Banks must have moved fast as she took the child up to the open fields of Marylebone, set her near the pond and stripped her of most of her clothes. The whole scene was witnessed by Susannah Bates who was working at her door, and who saw Banks partly redress Frances Mercer in her petticoat and gown, before calling on her neighbour the milk-woman Elizabeth Bugdon, for assistance.
Bugdon ran to confront Banks as the offender led the child away whilst carrying a bundle of clothes. Frances Mercer cried bitterly, “Let me go to my mamma, she lives in St Martin’s Court at a china-shop,” she told the two witnesses, adding the woman threatened to fling her into a pond if she cried. Bugdon, Bates and two men took Elizabeth Banks and Frances Mercer back to St Martin’s Court where they were greeted by the child’s father Francis, who noted she had been gone one and a half hours.
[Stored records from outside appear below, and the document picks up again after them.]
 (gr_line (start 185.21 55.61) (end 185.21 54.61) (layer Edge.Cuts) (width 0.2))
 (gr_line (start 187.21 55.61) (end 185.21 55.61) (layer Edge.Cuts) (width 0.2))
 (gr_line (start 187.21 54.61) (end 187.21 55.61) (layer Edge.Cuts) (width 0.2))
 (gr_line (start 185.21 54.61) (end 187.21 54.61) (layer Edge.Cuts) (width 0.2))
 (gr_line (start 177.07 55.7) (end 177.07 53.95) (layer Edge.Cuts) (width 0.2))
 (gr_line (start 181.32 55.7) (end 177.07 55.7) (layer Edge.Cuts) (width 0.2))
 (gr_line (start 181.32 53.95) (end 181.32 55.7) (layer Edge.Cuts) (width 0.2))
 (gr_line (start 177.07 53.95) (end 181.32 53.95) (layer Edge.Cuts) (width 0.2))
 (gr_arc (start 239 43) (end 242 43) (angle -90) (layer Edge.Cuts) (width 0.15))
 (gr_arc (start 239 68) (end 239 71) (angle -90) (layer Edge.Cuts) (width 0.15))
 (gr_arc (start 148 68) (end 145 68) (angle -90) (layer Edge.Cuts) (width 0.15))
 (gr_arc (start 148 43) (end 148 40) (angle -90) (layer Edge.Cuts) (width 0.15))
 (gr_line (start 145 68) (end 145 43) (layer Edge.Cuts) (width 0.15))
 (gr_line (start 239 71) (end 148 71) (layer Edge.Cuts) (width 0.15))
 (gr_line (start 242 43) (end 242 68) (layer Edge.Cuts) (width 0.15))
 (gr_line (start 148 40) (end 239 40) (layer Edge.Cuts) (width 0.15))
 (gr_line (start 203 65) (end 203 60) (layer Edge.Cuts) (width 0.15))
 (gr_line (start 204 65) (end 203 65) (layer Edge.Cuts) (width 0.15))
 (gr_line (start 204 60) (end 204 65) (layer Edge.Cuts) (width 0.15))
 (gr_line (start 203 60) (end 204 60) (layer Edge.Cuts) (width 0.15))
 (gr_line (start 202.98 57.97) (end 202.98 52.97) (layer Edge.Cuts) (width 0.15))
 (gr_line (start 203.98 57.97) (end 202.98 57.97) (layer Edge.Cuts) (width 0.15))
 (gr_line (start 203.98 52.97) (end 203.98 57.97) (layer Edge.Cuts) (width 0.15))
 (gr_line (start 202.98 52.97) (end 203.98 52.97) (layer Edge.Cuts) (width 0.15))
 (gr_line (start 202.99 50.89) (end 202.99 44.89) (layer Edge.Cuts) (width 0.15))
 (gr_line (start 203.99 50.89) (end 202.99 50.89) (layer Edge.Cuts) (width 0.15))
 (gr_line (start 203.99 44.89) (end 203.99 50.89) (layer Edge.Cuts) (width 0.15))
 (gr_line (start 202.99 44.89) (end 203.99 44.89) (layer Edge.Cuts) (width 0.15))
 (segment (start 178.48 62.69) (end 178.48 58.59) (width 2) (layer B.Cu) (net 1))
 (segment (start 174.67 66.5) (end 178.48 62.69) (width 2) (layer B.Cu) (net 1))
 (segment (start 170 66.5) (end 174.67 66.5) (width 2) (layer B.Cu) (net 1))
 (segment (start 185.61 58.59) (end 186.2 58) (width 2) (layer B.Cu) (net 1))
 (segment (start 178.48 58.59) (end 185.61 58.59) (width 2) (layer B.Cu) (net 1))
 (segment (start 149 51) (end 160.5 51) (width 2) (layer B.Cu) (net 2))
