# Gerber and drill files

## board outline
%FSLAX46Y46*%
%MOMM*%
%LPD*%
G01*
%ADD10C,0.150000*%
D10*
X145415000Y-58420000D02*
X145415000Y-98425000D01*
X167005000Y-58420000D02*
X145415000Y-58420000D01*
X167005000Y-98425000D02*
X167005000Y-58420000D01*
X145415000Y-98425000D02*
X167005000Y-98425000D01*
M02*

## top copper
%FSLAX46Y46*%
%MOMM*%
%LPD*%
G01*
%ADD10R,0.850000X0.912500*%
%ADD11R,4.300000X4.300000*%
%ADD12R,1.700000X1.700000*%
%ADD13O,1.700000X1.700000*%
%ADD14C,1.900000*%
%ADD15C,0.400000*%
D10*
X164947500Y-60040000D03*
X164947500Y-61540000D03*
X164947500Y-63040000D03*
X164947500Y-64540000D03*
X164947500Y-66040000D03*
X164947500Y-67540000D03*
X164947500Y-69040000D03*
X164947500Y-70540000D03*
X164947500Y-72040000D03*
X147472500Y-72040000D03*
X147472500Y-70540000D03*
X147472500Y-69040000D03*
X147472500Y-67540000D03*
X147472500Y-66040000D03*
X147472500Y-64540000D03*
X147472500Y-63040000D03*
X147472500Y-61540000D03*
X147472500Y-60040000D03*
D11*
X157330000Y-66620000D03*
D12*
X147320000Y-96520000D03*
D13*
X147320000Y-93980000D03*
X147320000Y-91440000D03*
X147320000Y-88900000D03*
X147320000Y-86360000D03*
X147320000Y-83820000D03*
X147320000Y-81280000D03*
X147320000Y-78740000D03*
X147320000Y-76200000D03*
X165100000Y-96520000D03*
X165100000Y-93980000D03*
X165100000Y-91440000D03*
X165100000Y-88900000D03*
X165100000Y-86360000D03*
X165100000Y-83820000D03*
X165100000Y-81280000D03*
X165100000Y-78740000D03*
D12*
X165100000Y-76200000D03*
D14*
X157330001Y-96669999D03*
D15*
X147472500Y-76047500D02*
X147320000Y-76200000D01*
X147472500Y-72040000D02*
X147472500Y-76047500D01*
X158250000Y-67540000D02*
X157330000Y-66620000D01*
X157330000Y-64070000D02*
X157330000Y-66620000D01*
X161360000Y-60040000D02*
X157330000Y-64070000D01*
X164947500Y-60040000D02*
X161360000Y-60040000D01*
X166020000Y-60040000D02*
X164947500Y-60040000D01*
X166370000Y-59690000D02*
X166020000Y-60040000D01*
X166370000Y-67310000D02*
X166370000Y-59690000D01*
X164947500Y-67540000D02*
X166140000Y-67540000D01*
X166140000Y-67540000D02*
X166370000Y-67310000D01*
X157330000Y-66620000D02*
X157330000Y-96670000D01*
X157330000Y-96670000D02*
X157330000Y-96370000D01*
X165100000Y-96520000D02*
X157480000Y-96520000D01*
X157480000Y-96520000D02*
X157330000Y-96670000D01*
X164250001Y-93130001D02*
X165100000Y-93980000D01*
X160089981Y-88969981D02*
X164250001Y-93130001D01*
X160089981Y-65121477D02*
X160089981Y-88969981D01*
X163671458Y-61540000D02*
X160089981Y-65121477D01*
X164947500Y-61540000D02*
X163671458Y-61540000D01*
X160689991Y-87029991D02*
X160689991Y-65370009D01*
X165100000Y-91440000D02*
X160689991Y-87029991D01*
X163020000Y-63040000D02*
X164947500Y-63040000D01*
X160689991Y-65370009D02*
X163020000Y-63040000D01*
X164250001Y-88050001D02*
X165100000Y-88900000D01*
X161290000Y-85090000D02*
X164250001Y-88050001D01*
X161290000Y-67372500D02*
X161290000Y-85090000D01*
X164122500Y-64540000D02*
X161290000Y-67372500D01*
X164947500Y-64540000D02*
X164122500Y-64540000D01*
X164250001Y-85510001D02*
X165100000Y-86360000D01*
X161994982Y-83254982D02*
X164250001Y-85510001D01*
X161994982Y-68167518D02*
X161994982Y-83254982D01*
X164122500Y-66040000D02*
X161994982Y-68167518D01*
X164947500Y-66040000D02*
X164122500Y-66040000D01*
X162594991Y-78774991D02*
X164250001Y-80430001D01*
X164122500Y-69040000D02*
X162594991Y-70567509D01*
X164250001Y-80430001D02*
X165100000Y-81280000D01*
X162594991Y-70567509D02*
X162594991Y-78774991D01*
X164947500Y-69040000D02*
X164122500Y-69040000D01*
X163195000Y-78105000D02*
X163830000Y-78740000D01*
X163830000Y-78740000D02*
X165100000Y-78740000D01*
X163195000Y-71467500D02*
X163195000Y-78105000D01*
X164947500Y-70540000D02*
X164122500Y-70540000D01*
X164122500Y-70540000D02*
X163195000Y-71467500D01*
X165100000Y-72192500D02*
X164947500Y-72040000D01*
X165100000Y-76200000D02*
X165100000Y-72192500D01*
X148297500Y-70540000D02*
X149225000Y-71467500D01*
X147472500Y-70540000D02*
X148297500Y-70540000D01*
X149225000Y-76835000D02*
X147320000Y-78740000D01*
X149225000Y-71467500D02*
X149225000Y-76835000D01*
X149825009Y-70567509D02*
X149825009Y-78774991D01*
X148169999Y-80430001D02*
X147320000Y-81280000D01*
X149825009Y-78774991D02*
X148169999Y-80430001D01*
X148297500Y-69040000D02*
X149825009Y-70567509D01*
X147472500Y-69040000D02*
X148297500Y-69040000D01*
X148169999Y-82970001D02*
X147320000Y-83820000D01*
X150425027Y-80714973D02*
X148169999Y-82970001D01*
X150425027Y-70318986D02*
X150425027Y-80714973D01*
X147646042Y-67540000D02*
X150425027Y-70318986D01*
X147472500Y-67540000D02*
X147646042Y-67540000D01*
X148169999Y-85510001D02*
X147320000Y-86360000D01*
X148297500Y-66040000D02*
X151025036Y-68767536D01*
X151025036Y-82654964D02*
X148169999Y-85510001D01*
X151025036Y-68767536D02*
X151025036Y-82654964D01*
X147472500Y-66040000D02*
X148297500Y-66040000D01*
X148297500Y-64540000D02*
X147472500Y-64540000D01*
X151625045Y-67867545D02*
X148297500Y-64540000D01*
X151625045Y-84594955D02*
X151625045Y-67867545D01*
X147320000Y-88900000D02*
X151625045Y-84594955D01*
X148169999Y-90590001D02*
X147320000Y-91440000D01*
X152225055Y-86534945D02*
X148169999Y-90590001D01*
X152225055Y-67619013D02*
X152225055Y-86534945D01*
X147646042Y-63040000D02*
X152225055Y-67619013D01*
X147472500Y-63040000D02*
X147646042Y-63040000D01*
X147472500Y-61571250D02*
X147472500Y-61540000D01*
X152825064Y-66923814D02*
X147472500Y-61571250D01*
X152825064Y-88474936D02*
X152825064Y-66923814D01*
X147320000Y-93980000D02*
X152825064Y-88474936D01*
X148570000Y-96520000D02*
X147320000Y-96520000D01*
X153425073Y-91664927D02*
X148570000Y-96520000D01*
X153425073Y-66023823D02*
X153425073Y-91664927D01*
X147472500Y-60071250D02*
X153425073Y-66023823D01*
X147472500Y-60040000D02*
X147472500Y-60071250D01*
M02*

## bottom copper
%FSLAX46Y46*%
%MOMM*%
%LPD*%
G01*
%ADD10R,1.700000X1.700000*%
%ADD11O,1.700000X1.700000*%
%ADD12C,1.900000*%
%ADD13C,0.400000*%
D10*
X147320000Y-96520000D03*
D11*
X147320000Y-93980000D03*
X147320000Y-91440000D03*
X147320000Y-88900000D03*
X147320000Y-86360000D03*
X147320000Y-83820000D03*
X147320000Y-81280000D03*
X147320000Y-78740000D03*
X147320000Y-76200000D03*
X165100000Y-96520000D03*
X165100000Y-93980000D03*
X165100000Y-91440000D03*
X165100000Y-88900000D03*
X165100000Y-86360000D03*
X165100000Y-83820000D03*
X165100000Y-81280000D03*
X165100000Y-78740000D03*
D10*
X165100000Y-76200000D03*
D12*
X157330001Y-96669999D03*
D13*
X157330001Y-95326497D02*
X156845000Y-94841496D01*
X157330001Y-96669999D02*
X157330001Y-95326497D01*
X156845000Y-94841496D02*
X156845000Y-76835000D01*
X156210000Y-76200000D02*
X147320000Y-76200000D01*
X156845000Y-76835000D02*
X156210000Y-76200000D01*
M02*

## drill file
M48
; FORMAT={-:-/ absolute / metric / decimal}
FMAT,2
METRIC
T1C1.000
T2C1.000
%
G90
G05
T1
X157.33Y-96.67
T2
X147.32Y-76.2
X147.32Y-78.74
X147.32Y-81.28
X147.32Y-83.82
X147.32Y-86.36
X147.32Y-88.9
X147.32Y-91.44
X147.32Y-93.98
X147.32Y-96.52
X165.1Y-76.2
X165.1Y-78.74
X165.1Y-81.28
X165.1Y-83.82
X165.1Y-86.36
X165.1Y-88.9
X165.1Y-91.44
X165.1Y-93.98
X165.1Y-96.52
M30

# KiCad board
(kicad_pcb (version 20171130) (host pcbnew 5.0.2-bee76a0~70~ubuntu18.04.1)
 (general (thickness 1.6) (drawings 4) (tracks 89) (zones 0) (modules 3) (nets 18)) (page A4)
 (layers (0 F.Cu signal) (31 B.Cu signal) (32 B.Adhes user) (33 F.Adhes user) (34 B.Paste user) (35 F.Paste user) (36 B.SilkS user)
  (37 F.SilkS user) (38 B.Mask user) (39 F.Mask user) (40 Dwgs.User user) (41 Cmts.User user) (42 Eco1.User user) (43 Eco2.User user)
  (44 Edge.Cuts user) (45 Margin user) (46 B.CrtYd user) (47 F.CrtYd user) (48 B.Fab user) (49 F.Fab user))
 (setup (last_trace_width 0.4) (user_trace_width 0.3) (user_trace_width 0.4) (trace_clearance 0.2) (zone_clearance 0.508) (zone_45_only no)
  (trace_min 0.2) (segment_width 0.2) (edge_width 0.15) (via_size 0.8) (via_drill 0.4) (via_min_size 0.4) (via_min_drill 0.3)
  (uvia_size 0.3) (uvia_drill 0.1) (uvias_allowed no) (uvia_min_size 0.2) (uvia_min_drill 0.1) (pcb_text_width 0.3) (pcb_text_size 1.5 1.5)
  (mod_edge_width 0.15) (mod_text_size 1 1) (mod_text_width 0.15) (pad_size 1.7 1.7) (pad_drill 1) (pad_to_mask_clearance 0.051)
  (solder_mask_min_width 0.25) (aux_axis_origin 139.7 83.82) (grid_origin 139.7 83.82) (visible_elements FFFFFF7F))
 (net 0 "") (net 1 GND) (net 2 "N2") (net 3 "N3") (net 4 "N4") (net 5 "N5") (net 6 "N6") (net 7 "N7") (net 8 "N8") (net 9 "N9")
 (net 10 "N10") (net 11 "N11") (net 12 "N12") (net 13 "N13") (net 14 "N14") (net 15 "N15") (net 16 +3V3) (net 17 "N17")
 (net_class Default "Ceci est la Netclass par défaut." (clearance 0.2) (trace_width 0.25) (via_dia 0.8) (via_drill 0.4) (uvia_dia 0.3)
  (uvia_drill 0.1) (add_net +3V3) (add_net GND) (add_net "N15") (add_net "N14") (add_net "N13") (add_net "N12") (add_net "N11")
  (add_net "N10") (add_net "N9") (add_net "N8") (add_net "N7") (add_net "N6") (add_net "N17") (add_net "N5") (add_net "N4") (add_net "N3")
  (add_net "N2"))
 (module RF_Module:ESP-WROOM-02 (layer F.Cu) (at 156.21 66.04)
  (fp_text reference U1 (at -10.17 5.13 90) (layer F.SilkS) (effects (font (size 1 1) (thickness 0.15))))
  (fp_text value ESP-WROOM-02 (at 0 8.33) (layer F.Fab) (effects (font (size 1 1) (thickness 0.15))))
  (pad 18 smd rect (at 8.7375 -6) (size 0.85 0.9125) (layers F.Cu F.Paste F.Mask) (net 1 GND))
  (pad 17 smd rect (at 8.7375 -4.5) (size 0.85 0.9125) (layers F.Cu F.Paste F.Mask) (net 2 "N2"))
  (pad 16 smd rect (at 8.7375 -3) (size 0.85 0.9125) (layers F.Cu F.Paste F.Mask) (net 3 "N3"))
  (pad 15 smd rect (at 8.7375 -1.5) (size 0.85 0.9125) (layers F.Cu F.Paste F.Mask) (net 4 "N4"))
  (pad 14 smd rect (at 8.7375 0) (size 0.85 0.9125) (layers F.Cu F.Paste F.Mask) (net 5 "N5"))
  (pad 13 smd rect (at 8.7375 1.5) (size 0.85 0.9125) (layers F.Cu F.Paste F.Mask) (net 1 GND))
  (pad 12 smd rect (at 8.7375 3) (size 0.85 0.9125) (layers F.Cu F.Paste F.Mask) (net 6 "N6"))
  (pad 11 smd rect (at 8.7375 4.5) (size 0.85 0.9125) (layers F.Cu F.Paste F.Mask) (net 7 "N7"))
  (pad 10 smd rect (at 8.7375 6) (size 0.85 0.9125) (layers F.Cu F.Paste F.Mask) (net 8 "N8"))
  (pad 9 smd rect (at -8.7375 6) (size 0.85 0.9125) (layers F.Cu F.Paste F.Mask) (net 1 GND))
  (pad 8 smd rect (at -8.7375 4.5) (size 0.85 0.9125) (layers F.Cu F.Paste F.Mask) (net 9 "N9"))
  (pad 7 smd rect (at -8.7375 3) (size 0.85 0.9125) (layers F.Cu F.Paste F.Mask) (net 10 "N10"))
  (pad 6 smd rect (at -8.7375 1.5) (size 0.85 0.9125) (layers F.Cu F.Paste F.Mask) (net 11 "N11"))
  (pad 5 smd rect (at -8.7375 0) (size 0.85 0.9125) (layers F.Cu F.Paste F.Mask) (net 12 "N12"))
  (pad 4 smd rect (at -8.7375 -1.5) (size 0.85 0.9125) (layers F.Cu F.Paste F.Mask) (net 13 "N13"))
  (pad 3 smd rect (at -8.7375 -3) (size 0.85 0.9125) (layers F.Cu F.Paste F.Mask) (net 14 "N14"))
The father, accompanied by the witnesses, brought Banks before Justice Fraizer where she signed a confession and admitted remorse for her crime. She was sent for trial at the Old Bailey on 30 May 1750, by which time she had altered her story saying she had been hired to look after the child.
The jury decided her defence was a fabrication and she was found guilty and hanged at Tyburn on 6th July 1750. The crime of course was not abduction, but highway robbery and the eyewitness accounts of the removal of the clothes and the ‘bundle’ were used by the prosecution to highlight her guilt. But what do we know about Elizabeth Banks?
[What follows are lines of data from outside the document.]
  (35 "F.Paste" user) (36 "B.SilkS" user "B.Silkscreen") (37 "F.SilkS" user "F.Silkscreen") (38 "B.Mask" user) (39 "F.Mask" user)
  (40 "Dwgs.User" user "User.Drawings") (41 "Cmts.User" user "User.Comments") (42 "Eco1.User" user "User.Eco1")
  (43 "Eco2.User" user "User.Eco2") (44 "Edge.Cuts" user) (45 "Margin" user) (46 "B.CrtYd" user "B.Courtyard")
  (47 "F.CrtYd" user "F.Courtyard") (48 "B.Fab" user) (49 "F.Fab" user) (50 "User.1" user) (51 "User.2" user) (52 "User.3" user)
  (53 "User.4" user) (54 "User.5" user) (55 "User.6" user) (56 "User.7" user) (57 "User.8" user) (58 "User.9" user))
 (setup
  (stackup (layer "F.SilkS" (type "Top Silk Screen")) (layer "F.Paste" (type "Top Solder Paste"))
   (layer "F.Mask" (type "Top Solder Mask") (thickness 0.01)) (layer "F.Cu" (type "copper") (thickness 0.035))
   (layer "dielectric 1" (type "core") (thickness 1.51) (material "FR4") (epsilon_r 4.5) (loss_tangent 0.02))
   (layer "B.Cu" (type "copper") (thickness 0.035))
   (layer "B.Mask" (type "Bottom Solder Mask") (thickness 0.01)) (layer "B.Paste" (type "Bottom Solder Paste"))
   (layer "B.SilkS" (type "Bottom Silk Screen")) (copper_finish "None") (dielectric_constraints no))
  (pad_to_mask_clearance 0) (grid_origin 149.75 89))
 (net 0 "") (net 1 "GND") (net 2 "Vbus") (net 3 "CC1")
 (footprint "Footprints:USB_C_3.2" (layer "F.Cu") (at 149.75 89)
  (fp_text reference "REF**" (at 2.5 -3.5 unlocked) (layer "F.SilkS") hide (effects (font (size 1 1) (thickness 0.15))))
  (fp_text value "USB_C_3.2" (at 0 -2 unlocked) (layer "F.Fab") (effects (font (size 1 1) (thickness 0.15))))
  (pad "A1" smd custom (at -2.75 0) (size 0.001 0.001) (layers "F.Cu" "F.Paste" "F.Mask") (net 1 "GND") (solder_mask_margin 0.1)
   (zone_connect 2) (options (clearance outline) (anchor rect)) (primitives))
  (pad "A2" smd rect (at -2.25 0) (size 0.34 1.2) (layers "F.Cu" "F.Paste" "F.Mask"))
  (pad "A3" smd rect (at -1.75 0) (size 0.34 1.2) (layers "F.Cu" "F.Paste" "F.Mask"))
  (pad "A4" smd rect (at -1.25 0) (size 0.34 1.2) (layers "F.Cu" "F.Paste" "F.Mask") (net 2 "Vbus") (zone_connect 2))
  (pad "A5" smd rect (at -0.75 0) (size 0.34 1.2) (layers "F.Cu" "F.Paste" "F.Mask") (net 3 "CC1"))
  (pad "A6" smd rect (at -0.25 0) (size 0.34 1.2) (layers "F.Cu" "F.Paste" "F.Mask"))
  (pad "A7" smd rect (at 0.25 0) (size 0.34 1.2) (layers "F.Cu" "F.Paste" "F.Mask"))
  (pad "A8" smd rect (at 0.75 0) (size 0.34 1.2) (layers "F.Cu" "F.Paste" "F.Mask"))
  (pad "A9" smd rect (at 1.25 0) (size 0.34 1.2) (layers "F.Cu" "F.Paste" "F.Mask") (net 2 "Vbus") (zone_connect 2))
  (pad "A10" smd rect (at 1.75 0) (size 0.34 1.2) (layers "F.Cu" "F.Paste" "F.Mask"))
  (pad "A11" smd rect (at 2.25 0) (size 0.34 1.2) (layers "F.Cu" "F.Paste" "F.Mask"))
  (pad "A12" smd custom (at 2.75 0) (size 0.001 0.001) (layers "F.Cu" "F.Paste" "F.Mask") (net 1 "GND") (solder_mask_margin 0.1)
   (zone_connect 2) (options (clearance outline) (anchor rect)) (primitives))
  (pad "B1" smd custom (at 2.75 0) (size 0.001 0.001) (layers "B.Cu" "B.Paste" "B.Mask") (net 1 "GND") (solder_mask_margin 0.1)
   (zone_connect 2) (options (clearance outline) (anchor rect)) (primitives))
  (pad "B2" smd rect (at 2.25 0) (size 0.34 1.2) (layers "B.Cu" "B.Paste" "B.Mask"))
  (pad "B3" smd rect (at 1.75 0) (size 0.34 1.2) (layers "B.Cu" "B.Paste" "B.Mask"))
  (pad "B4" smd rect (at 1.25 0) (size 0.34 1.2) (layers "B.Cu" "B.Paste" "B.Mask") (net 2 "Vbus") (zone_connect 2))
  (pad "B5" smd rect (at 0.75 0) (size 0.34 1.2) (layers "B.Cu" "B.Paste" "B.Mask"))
Her story, if true, shows the hardship of the poor in mid eighteenth century England. These were people so desperate that they would risk the death penalty by stealing what was then highly valued property. It may seem madness to us that theft was a crime punishable by capital punishment, yet if Banks had just taken the child, she would have received a lesser penalty.
Banks was born about 1695 in Weymouth, Dorset, a poor uneducated child of industrious parents who had left her orphaned and at the mercy of the Parish. As soon as she could be apprenticed, she was left in charge of a hard and unkind Dame, who treated her so harshly she vowed to leave at the earliest opportunity; slipping away from her Mistress’s house, she travelled to Dorchester and took the waggon to London. She was ten years old.

The waggon arrived at the Black Bull Inn, Piccadilly where she was immediately offered a service job by the mistress of the house and stayed there for seven years. She left this service, ‘willing to see more of the World’ and took a new position in St Mary le Strand. Here she met and married her first husband and had four children whilst residing at Russell Court, Drury Lane, but misfortune struck and all of her family died.
“After this, she went out to Day-work, and was admitted into many Houses for that Purpose, in the Neighbourhood of the Strand, but particularly mentioned the One Bell Inn, and the Five Bells Tavern, and says she never wronged any Body. In this Way she went on for many Years, and about nine or ten Years ago was married to a second Husband, who was also a poor labouring Man, and carried Carcases of Sheep, Lambs, &c. for the Butchers in Clare-Market, to Marybone, Tottenham Court, and other Villages adjacent to the Town; and when she wanted Work in her own Way, she was used to assist him, being old and infirm, and as a good Wife should do, to bear a Part of his Burthens. She lamented greatly her unhappy Condition, and always repeated her Innocence, and that she never wronged Man, Woman, nor Child in her Life, but worked hard for her Living.”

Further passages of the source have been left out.